It is challenging to still hunt in bur oak woods. Every few years I get a deer while sneaking around looking for a place to sit. I see a deer coming and hopefully I am in a situation where I can step into a tree cluster or have some other cover. A couple of times I got a deer with my back parked up tight to a larger tree, since no other cover was available. It is possible to do a Hill style swing draw without leaning away from the tree, but I would suggest practicing that before doing it cold, just like any other unconventional shot. Tonight I was between three 1 foot trees, I sat some, Nifty Seat, and I stood some. There were deer milling around and figured if I kept moving, I would for sure spook them.
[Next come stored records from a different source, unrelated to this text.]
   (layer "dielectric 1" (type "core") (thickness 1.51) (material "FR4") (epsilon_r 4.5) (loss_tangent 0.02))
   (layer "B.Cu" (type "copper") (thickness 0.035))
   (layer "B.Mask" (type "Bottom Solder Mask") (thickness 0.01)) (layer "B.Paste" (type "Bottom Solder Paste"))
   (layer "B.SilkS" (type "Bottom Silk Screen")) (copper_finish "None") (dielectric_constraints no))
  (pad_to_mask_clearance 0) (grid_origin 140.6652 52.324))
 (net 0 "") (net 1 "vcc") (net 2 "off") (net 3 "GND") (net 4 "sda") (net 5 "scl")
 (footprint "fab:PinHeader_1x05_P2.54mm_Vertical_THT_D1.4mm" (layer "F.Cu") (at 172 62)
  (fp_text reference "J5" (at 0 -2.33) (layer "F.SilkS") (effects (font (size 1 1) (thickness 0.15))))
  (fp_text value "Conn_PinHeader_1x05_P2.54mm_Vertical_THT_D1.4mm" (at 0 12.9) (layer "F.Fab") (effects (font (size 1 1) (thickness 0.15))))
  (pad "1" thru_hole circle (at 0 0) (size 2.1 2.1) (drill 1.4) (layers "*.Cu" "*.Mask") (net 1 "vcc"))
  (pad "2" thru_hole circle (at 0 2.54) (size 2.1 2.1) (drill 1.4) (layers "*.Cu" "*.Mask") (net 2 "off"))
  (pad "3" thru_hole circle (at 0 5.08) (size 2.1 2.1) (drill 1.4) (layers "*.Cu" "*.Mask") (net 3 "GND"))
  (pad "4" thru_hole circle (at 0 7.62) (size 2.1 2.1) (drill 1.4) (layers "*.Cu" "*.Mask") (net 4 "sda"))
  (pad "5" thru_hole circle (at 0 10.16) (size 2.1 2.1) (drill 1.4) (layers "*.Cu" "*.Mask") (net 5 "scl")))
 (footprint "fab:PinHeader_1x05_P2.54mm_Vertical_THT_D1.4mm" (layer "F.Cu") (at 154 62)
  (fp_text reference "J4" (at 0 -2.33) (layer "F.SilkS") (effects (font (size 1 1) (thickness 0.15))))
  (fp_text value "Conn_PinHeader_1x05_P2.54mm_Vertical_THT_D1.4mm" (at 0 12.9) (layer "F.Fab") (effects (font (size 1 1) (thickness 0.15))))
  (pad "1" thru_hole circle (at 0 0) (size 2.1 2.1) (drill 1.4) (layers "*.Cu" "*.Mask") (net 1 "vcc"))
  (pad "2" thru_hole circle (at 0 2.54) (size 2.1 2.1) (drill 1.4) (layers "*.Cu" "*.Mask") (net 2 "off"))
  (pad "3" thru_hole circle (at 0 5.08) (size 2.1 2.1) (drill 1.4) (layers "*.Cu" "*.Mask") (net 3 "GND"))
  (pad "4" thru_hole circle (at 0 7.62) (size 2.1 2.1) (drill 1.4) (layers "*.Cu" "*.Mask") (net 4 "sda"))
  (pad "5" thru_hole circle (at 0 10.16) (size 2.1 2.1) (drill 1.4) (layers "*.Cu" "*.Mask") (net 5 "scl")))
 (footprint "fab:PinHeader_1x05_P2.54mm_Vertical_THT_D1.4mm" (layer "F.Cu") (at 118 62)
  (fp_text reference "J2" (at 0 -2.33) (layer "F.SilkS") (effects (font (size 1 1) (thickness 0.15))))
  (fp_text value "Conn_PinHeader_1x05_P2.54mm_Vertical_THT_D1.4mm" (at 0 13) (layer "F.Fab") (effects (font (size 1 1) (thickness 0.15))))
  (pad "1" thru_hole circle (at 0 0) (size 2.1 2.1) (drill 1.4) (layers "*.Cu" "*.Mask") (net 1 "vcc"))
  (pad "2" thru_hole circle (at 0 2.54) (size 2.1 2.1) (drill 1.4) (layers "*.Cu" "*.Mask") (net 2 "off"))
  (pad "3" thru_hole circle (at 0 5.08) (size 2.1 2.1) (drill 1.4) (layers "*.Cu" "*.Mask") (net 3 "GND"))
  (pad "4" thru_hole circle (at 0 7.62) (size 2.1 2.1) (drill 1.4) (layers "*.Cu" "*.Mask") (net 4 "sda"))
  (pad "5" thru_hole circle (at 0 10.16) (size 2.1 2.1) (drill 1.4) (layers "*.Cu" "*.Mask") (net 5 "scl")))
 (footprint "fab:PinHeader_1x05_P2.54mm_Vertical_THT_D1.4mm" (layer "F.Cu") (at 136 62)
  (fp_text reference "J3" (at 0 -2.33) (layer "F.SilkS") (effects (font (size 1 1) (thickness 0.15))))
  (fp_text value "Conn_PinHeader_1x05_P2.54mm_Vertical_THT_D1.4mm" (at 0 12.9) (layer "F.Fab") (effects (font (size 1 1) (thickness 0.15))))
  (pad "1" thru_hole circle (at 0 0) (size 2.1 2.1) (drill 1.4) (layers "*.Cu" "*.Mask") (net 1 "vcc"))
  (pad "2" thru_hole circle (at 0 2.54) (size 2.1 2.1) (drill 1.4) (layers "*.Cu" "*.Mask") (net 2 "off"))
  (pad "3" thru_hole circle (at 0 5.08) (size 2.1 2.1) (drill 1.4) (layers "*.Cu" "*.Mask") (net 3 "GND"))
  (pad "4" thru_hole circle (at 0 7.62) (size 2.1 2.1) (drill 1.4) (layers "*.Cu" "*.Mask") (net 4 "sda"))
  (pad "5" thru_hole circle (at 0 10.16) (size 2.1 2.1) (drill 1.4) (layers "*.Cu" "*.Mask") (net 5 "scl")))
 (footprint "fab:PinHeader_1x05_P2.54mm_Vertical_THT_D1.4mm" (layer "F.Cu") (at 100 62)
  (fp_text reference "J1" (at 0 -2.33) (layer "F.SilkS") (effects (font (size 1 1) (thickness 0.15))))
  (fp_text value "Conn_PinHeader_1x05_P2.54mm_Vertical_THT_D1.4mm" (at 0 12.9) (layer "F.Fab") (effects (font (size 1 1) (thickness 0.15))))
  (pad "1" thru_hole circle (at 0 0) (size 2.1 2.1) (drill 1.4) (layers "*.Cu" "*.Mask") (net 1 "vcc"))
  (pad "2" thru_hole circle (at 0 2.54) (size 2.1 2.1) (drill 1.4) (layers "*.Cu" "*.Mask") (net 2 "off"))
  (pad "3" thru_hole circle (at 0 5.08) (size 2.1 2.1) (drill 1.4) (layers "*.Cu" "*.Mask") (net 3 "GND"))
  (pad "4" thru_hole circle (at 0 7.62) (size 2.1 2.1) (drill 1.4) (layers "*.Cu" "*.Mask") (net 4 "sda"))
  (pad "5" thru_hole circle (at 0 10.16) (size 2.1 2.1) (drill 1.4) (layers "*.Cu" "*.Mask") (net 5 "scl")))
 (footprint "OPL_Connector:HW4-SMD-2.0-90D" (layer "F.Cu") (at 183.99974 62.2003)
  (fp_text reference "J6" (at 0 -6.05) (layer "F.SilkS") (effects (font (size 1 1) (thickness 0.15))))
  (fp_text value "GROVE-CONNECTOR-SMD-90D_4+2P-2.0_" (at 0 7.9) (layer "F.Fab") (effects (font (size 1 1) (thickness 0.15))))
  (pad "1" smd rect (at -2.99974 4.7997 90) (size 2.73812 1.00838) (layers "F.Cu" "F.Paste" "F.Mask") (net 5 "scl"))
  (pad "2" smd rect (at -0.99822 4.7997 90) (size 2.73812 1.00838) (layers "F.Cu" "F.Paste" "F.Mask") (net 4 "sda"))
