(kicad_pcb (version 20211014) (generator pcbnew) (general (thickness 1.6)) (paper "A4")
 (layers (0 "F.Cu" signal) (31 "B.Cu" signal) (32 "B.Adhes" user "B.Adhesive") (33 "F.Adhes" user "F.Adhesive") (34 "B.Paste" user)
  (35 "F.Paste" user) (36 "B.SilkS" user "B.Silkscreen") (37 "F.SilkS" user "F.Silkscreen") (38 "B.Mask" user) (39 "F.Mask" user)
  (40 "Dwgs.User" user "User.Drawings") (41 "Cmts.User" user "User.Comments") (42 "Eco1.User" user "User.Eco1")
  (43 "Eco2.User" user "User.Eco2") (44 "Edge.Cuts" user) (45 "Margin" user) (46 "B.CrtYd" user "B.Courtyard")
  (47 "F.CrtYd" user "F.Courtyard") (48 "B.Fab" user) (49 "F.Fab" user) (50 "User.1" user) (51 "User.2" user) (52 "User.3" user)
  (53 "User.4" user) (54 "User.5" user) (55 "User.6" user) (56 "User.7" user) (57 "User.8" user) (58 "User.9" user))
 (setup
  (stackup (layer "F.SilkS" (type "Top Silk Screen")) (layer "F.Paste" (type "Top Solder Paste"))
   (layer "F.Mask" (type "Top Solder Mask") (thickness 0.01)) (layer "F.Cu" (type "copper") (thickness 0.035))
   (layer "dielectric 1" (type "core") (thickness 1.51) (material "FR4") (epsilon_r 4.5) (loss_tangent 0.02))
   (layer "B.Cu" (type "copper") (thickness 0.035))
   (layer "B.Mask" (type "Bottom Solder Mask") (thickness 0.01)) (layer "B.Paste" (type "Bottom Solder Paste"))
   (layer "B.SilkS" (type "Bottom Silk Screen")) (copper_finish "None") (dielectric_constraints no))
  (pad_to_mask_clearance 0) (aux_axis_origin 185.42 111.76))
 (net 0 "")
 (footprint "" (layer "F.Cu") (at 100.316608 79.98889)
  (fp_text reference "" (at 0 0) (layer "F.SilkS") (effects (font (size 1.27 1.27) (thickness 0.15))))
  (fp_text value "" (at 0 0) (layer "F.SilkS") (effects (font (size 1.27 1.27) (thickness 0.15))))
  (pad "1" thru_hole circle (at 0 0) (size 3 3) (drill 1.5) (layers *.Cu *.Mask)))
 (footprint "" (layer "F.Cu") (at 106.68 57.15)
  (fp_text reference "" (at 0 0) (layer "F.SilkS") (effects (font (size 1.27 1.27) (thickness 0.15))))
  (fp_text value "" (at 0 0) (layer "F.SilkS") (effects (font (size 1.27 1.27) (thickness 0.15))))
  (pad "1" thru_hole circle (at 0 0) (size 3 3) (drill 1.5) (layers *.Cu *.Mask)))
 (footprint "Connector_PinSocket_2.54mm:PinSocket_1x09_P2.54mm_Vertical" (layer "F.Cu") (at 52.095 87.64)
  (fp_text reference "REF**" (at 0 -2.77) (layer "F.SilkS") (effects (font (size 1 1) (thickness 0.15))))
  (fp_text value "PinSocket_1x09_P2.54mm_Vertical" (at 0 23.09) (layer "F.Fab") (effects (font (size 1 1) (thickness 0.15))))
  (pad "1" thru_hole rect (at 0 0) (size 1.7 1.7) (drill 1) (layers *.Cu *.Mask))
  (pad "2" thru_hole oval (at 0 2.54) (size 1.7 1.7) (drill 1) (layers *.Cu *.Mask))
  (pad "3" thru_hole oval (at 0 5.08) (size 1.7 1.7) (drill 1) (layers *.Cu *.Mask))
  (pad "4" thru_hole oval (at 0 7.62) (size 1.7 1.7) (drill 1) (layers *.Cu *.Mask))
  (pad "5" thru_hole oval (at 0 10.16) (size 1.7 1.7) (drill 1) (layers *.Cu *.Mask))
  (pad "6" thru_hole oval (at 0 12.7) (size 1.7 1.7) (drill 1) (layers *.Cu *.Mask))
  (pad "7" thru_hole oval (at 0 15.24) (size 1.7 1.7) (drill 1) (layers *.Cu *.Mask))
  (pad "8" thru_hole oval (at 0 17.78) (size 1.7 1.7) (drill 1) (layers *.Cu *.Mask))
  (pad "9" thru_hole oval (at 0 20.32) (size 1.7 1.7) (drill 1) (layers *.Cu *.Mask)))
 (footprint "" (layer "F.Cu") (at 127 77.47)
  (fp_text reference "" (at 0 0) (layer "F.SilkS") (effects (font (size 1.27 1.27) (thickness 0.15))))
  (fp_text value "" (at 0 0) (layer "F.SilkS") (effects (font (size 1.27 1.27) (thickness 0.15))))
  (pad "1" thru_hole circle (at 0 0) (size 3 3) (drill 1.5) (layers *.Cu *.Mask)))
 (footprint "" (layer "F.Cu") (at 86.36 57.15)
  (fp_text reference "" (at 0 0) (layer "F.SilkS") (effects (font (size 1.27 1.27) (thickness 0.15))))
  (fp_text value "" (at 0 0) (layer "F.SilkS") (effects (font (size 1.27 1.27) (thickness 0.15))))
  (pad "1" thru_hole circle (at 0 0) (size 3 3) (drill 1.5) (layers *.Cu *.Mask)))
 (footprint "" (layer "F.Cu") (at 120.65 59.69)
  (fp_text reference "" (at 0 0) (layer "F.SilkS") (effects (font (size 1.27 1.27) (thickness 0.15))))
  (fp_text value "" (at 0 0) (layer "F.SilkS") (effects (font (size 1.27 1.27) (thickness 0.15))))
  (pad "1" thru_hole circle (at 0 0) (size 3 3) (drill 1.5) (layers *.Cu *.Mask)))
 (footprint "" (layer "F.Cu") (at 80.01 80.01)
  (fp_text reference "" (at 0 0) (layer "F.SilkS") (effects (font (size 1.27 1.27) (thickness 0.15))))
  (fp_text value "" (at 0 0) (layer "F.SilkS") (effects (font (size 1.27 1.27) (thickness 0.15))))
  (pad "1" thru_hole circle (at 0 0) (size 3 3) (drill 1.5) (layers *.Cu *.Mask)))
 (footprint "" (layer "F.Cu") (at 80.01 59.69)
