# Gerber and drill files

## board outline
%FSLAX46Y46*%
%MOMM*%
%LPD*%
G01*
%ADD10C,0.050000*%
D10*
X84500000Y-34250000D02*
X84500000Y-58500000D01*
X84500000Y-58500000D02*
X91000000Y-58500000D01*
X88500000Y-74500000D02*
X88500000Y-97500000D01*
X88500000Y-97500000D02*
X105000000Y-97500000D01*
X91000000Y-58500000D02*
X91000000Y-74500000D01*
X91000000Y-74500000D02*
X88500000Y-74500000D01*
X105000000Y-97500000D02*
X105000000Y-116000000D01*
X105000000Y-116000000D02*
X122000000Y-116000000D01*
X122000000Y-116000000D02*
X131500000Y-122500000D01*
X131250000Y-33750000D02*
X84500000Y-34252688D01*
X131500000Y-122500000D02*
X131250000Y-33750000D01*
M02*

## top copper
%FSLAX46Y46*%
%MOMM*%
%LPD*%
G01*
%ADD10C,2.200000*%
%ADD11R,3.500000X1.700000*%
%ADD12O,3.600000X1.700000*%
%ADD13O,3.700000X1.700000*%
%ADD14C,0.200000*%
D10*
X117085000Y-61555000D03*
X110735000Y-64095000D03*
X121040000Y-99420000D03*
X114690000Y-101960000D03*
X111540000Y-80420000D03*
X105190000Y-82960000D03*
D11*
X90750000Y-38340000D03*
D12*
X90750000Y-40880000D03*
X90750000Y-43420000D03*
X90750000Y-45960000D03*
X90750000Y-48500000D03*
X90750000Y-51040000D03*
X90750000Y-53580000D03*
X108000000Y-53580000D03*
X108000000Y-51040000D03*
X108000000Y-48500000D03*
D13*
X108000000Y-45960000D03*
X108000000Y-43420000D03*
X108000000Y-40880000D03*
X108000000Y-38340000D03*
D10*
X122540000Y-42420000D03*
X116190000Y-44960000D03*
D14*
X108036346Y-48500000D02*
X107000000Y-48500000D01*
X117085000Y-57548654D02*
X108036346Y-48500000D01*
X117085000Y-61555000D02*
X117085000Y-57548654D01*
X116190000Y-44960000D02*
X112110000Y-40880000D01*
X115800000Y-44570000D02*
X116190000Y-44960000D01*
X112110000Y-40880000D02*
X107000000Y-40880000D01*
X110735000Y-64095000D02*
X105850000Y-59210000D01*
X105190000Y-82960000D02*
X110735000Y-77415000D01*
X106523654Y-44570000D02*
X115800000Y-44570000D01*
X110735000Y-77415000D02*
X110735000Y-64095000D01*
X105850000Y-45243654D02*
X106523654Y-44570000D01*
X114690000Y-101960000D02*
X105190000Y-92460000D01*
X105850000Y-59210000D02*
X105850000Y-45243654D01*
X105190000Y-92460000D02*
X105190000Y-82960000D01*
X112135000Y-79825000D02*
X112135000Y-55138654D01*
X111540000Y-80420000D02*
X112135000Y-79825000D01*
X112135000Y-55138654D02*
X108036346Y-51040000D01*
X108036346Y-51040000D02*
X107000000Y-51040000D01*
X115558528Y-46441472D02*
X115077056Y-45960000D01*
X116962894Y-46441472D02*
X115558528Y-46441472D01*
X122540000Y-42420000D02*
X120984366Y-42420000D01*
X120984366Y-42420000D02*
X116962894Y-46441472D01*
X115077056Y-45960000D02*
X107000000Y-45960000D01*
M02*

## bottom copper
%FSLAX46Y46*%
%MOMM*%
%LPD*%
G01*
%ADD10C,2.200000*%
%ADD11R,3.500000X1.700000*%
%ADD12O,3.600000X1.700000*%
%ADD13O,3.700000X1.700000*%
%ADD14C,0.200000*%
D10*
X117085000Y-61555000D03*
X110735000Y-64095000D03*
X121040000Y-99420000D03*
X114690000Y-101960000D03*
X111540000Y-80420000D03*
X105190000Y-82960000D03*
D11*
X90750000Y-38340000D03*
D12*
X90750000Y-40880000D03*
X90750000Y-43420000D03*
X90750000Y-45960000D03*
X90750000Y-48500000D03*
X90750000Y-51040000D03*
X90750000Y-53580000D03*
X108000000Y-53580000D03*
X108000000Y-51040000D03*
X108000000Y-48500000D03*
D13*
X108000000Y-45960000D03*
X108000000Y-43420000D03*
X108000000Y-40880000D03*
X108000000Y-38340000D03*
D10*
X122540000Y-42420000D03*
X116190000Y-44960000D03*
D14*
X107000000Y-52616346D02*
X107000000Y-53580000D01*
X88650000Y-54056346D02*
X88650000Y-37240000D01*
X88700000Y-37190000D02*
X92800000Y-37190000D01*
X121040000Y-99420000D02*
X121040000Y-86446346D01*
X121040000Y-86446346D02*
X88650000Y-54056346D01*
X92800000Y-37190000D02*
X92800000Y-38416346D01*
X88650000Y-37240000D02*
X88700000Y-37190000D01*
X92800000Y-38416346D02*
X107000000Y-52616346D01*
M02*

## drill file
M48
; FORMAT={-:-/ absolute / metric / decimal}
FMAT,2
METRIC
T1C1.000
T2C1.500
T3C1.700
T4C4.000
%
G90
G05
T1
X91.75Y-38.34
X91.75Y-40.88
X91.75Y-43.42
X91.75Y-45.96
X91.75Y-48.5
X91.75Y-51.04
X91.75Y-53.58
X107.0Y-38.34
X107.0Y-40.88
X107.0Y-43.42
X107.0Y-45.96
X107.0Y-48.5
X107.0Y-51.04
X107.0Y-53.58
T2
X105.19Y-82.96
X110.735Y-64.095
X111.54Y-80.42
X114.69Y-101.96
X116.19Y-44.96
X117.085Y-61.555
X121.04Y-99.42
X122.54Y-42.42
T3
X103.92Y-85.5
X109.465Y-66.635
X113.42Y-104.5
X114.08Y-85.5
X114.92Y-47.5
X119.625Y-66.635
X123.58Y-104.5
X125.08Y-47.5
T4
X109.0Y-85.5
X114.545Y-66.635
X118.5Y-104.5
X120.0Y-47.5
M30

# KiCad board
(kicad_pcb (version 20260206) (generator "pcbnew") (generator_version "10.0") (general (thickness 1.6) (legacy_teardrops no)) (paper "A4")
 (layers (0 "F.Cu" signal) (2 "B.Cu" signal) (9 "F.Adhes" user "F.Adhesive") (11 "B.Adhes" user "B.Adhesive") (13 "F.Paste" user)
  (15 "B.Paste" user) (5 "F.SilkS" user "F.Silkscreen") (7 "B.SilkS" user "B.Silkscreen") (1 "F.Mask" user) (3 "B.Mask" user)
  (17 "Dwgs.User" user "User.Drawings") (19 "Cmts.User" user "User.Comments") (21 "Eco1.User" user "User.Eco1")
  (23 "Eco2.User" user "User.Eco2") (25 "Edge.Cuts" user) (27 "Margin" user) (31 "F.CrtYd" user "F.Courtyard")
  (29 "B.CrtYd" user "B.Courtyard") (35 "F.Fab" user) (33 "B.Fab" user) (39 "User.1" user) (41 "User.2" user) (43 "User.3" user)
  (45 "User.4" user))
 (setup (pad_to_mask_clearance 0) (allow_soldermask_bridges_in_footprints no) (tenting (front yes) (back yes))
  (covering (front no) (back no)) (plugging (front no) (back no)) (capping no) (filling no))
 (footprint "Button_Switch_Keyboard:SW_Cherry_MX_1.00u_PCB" (layer "F.Cu") (at 117.085 61.555)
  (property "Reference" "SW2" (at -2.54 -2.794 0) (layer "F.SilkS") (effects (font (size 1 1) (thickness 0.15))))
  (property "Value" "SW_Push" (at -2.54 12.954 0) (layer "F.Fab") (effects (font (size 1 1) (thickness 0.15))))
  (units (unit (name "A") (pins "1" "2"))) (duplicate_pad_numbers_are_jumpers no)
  (pad "" np_thru_hole circle (at -7.62 5.08) (size 1.7 1.7) (drill 1.7) (layers "*.Cu" "*.Mask"))
  (pad "" np_thru_hole circle (at -2.54 5.08) (size 4 4) (drill 4) (layers "*.Cu" "*.Mask"))
  (pad "" np_thru_hole circle (at 2.54 5.08) (size 1.7 1.7) (drill 1.7) (layers "*.Cu" "*.Mask"))
  (pad "1" thru_hole circle (at 0 0) (size 2.2 2.2) (drill 1.5) (layers "*.Cu" "*.Mask") (remove_unused_layers no)
   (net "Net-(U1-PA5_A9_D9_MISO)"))
  (pad "2" thru_hole circle (at -6.35 2.54) (size 2.2 2.2) (drill 1.5) (layers "*.Cu" "*.Mask") (remove_unused_layers no) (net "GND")))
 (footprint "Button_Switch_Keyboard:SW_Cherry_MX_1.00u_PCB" (layer "F.Cu") (at 121.04 99.42)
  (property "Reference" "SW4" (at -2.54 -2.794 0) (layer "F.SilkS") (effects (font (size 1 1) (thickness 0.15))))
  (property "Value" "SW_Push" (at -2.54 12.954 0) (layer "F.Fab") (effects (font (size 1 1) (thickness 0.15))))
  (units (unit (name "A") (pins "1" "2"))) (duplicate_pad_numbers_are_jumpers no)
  (pad "" np_thru_hole circle (at -7.62 5.08) (size 1.7 1.7) (drill 1.7) (layers "*.Cu" "*.Mask"))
One lesser buck came into range, I tempted myself, but I changed my mind and let down.
Still hunting is what some might call a painfully slow endeavor.The slower the better.Use cover, shade,low spots and creek bottoms and background cover.I agree to not use dark camo.I notice hunters really stand out with dark camo.I like light background with branch and leaf overlay.I like to pin leaves on my clothes and especially on my Boonie style hat and outline of body.I wear a facemask.I like softer soles on my footwear.You can feel better with them and not snap as many twigs.Soft clothing is a must.
While still hunting its alot like standhunting most of the time.Because you have to go so slow and sit still alot.You have to see the game before it sees you.Make your movements slow like a sloth.You will see alot of wildlife when still hunting well.If your close to quirrels and other wildlife and thier pretty much not knowing you are thier and acting naturally you are doing well.
Stillhunting will put you in a different mindset and reality.I think it turns into a higher sense of things when into it.Its hard to explain.Its a primordial and spiritual thing.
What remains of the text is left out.